§ **REQUIRED ACTION**: Only the lines below starting at the one containing "X92600001Y-110000002D01*" and ending at the one containing "(layers (0 F.Cu" belong in the answer, each copied exactly.

[Stored data]
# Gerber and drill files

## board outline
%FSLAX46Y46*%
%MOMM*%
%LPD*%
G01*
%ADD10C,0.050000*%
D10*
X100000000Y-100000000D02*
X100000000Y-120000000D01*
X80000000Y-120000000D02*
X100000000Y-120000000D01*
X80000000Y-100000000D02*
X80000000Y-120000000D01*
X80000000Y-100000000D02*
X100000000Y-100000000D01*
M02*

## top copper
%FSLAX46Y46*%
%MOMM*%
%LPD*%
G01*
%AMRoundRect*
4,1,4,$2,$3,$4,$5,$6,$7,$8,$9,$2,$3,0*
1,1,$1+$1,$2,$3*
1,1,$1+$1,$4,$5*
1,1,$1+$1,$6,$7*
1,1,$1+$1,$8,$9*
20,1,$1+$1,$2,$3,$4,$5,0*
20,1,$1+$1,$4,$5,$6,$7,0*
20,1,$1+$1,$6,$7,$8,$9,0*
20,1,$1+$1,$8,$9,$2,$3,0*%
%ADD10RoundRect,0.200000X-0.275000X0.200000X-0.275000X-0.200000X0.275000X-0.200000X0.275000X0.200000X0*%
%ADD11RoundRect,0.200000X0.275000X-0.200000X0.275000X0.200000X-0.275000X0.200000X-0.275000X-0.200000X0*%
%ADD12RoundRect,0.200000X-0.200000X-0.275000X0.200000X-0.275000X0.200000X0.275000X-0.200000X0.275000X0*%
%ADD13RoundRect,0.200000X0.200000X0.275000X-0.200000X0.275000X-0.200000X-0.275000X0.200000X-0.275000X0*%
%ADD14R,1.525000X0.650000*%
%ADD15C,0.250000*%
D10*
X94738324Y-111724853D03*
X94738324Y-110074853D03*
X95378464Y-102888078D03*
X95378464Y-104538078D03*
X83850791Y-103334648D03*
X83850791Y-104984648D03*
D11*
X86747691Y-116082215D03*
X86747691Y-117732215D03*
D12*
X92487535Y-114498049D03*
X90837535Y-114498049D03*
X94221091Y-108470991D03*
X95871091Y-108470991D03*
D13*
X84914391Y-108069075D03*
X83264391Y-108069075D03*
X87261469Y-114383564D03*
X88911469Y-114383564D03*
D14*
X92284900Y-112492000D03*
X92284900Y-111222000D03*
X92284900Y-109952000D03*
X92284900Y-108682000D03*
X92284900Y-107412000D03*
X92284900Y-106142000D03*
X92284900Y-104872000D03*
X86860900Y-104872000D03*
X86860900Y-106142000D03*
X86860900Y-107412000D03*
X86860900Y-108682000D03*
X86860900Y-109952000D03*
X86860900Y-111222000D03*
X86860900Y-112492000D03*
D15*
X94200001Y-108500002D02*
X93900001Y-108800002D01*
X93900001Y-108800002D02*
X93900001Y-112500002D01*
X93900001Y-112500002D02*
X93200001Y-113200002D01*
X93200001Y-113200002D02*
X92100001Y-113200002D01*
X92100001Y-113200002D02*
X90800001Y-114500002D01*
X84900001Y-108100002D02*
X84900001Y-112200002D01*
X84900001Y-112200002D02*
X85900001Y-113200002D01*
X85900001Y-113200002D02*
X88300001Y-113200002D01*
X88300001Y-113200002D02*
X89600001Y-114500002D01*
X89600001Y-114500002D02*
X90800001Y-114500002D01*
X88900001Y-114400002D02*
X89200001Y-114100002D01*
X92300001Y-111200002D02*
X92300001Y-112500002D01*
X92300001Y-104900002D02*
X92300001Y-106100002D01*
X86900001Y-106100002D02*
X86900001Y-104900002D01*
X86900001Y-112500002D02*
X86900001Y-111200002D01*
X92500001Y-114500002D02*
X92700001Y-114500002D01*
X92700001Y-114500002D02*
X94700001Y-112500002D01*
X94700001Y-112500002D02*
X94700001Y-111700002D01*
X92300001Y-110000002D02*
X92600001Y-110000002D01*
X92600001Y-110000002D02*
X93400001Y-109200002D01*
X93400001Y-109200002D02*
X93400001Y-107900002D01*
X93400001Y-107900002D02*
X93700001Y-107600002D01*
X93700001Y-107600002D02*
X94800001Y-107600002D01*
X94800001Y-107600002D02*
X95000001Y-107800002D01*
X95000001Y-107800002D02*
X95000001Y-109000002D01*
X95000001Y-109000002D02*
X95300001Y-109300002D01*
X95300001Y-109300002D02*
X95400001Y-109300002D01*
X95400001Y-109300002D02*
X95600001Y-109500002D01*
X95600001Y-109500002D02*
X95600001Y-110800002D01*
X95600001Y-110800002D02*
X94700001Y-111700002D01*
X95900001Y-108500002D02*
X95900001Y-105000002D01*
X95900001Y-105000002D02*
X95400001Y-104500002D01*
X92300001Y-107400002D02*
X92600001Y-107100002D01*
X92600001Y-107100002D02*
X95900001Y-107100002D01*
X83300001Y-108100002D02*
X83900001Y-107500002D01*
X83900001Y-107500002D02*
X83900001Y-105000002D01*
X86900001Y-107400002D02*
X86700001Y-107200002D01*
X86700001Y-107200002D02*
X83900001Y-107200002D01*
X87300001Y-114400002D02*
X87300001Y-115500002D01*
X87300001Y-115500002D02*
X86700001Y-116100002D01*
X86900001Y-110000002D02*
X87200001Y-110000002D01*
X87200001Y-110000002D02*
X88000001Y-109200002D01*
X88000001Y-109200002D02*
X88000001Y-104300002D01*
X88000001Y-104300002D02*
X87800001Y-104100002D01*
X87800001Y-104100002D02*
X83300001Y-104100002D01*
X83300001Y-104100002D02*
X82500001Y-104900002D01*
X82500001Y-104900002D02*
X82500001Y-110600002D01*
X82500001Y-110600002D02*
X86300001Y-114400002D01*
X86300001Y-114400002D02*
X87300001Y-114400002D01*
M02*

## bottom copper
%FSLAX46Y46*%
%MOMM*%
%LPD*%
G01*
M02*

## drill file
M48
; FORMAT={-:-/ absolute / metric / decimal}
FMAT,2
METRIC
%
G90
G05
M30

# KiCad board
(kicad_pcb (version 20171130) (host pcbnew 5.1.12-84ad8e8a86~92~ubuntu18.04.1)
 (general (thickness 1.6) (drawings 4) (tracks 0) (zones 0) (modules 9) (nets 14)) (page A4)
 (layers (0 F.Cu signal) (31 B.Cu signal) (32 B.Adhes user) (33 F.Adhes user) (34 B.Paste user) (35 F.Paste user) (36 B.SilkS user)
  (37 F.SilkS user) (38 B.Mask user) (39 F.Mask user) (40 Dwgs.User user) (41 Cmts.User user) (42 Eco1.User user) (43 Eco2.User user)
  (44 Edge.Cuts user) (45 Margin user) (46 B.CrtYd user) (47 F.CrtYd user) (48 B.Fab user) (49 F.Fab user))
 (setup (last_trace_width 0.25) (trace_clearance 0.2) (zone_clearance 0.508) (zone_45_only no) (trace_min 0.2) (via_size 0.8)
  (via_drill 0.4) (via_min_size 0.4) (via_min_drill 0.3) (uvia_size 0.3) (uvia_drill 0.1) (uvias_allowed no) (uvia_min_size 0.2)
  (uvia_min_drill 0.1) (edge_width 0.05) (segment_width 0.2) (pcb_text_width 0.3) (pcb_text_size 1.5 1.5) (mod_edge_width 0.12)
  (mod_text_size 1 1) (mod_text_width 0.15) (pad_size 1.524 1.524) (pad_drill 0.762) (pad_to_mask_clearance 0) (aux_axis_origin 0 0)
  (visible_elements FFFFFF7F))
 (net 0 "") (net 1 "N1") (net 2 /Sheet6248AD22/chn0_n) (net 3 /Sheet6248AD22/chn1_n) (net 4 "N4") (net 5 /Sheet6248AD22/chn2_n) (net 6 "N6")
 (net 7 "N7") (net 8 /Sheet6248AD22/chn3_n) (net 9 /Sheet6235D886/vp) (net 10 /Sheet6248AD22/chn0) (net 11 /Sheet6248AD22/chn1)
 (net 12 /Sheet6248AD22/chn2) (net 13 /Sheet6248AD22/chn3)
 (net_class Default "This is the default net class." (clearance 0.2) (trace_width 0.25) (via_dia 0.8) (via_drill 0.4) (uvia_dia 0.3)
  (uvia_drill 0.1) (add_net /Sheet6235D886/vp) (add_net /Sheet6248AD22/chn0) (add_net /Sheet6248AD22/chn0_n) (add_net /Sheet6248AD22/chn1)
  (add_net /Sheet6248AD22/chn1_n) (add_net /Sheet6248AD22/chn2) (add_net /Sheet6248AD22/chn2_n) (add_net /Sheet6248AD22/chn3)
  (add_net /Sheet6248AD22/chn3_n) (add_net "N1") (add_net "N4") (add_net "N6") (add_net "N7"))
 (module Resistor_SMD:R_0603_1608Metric (layer F.Cu) (at 94.738324 110.899853 270.000000)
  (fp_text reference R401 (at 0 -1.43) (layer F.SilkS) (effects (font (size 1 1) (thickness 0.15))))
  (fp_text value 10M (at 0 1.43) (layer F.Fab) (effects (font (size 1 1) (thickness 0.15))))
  (pad 2 smd roundrect (at 0.825 0 270.000000) (size 0.8 0.95) (layers F.Cu F.Mask F.Paste) (roundrect_rratio 0.25) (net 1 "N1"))
  (pad 1 smd roundrect (at -0.825 0 270.000000) (size 0.8 0.95) (layers F.Cu F.Mask F.Paste) (roundrect_rratio 0.25)
   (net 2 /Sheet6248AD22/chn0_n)))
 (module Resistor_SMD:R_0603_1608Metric (layer F.Cu) (at 95.378464 103.713078 270.000000)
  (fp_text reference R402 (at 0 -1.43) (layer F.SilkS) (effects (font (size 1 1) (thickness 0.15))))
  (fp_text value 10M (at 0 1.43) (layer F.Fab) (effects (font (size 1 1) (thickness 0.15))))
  (pad 1 smd roundrect (at -0.825 0 270.000000) (size 0.8 0.95) (layers F.Cu F.Mask F.Paste) (roundrect_rratio 0.25)
   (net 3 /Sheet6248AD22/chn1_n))
  (pad 2 smd roundrect (at 0.825 0 270.000000) (size 0.8 0.95) (layers F.Cu F.Mask F.Paste) (roundrect_rratio 0.25) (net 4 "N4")))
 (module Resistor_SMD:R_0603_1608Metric (layer F.Cu) (at 83.850791 104.159648 270.000000)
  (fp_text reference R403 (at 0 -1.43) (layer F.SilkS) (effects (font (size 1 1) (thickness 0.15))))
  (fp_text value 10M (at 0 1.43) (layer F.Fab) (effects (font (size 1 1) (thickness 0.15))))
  (pad 1 smd roundrect (at -0.825 0 270.000000) (size 0.8 0.95) (layers F.Cu F.Mask F.Paste) (roundrect_rratio 0.25)
   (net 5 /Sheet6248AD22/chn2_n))
  (pad 2 smd roundrect (at 0.825 0 270.000000) (size 0.8 0.95) (layers F.Cu F.Mask F.Paste) (roundrect_rratio 0.25) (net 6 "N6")))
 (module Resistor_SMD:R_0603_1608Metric (layer F.Cu) (at 86.747691 116.907215 90.000000)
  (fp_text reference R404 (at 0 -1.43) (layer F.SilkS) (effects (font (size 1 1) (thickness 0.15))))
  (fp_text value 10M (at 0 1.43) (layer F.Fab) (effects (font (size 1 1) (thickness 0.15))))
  (pad 2 smd roundrect (at 0.825 0 90.000000) (size 0.8 0.95) (layers F.Cu F.Mask F.Paste) (roundrect_rratio 0.25) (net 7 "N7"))
  (pad 1 smd roundrect (at -0.825 0 90.000000) (size 0.8 0.95) (layers F.Cu F.Mask F.Paste) (roundrect_rratio 0.25)
   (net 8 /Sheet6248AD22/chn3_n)))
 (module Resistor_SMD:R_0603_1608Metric (layer F.Cu) (at 91.662535 114.498049)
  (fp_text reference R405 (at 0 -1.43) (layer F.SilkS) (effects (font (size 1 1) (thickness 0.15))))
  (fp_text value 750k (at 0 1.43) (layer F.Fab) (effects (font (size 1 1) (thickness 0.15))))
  (pad 2 smd roundrect (at 0.825 0) (size 0.8 0.95) (layers F.Cu F.Mask F.Paste) (roundrect_rratio 0.25) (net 1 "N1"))
  (pad 1 smd roundrect (at -0.825 0) (size 0.8 0.95) (layers F.Cu F.Mask F.Paste) (roundrect_rratio 0.25) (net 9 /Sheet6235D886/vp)))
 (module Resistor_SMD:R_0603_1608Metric (layer F.Cu) (at 95.046091 108.470991)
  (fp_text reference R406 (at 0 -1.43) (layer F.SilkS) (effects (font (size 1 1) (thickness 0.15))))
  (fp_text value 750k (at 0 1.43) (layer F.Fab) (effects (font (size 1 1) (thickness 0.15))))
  (pad 1 smd roundrect (at -0.825 0) (size 0.8 0.95) (layers F.Cu F.Mask F.Paste) (roundrect_rratio 0.25) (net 9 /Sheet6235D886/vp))
  (pad 2 smd roundrect (at 0.825 0) (size 0.8 0.95) (layers F.Cu F.Mask F.Paste) (roundrect_rratio 0.25) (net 4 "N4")))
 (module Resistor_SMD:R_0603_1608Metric (layer F.Cu) (at 84.089391 108.069075 180.000000)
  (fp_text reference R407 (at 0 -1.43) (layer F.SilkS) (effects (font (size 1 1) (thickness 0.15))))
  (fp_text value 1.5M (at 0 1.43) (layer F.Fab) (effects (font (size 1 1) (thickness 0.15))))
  (pad 1 smd roundrect (at -0.825 0 180.000000) (size 0.8 0.95) (layers F.Cu F.Mask F.Paste) (roundrect_rratio 0.25)
   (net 9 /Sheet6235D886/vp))
  (pad 2 smd roundrect (at 0.825 0 180.000000) (size 0.8 0.95) (layers F.Cu F.Mask F.Paste) (roundrect_rratio 0.25) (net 6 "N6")))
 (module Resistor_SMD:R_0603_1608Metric (layer F.Cu) (at 88.086469 114.383564 180.000000)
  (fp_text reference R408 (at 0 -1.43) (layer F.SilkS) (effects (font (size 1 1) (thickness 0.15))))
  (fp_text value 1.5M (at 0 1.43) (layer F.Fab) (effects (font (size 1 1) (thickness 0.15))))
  (pad 2 smd roundrect (at 0.825 0 180.000000) (size 0.8 0.95) (layers F.Cu F.Mask F.Paste) (roundrect_rratio 0.25) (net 7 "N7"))
  (pad 1 smd roundrect (at -0.825 0 180.000000) (size 0.8 0.95) (layers F.Cu F.Mask F.Paste) (roundrect_rratio 0.25)
   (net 9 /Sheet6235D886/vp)))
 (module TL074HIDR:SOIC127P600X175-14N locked (layer F.Cu) (at 89.572900 108.682000 180.000000)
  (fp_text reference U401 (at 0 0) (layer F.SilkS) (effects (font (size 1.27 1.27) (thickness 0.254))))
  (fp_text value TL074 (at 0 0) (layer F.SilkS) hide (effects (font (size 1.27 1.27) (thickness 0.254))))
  (pad 1 smd rect (at -2.712 -3.81 270.000000) (size 0.65 1.525) (layers F.Cu F.Mask F.Paste) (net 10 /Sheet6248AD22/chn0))
  (pad 2 smd rect (at -2.712 -2.54 270.000000) (size 0.65 1.525) (layers F.Cu F.Mask F.Paste) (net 10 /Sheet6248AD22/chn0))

§ **REPLY**:
X92600001Y-110000002D01*
X92600001Y-110000002D02*
X93400001Y-109200002D01*
X93400001Y-109200002D02*
X93400001Y-107900002D01*
X93400001Y-107900002D02*
X93700001Y-107600002D01*
X93700001Y-107600002D02*
X94800001Y-107600002D01*
X94800001Y-107600002D02*
X95000001Y-107800002D01*
X95000001Y-107800002D02*
X95000001Y-109000002D01*
X95000001Y-109000002D02*
X95300001Y-109300002D01*
X95300001Y-109300002D02*
X95400001Y-109300002D01*
X95400001Y-109300002D02*
X95600001Y-109500002D01*
X95600001Y-109500002D02*
X95600001Y-110800002D01*
X95600001Y-110800002D02*
X94700001Y-111700002D01*
X95900001Y-108500002D02*
X95900001Y-105000002D01*
X95900001Y-105000002D02*
X95400001Y-104500002D01*
X92300001Y-107400002D02*
X92600001Y-107100002D01*
X92600001Y-107100002D02*
X95900001Y-107100002D01*
X83300001Y-108100002D02*
X83900001Y-107500002D01*
X83900001Y-107500002D02*
X83900001Y-105000002D01*
X86900001Y-107400002D02*
X86700001Y-107200002D01*
X86700001Y-107200002D02*
X83900001Y-107200002D01*
X87300001Y-114400002D02*
X87300001Y-115500002D01*
X87300001Y-115500002D02*
X86700001Y-116100002D01*
X86900001Y-110000002D02*
X87200001Y-110000002D01*
X87200001Y-110000002D02*
X88000001Y-109200002D01*
X88000001Y-109200002D02*
X88000001Y-104300002D01*
X88000001Y-104300002D02*
X87800001Y-104100002D01*
X87800001Y-104100002D02*
X83300001Y-104100002D01*
X83300001Y-104100002D02*
X82500001Y-104900002D01*
X82500001Y-104900002D02*
X82500001Y-110600002D01*
X82500001Y-110600002D02*
X86300001Y-114400002D01*
X86300001Y-114400002D02*
X87300001Y-114400002D01*
M02*

## bottom copper
%FSLAX46Y46*%
%MOMM*%
%LPD*%
G01*
M02*

## drill file
M48
; FORMAT={-:-/ absolute / metric / decimal}
FMAT,2
METRIC
%
G90
G05
M30

# KiCad board
(kicad_pcb (version 20171130) (host pcbnew 5.1.12-84ad8e8a86~92~ubuntu18.04.1)
 (general (thickness 1.6) (drawings 4) (tracks 0) (zones 0) (modules 9) (nets 14)) (page A4)
 (layers (0 F.Cu signal) (31 B.Cu signal) (32 B.Adhes user) (33 F.Adhes user) (34 B.Paste user) (35 F.Paste user) (36 B.SilkS user)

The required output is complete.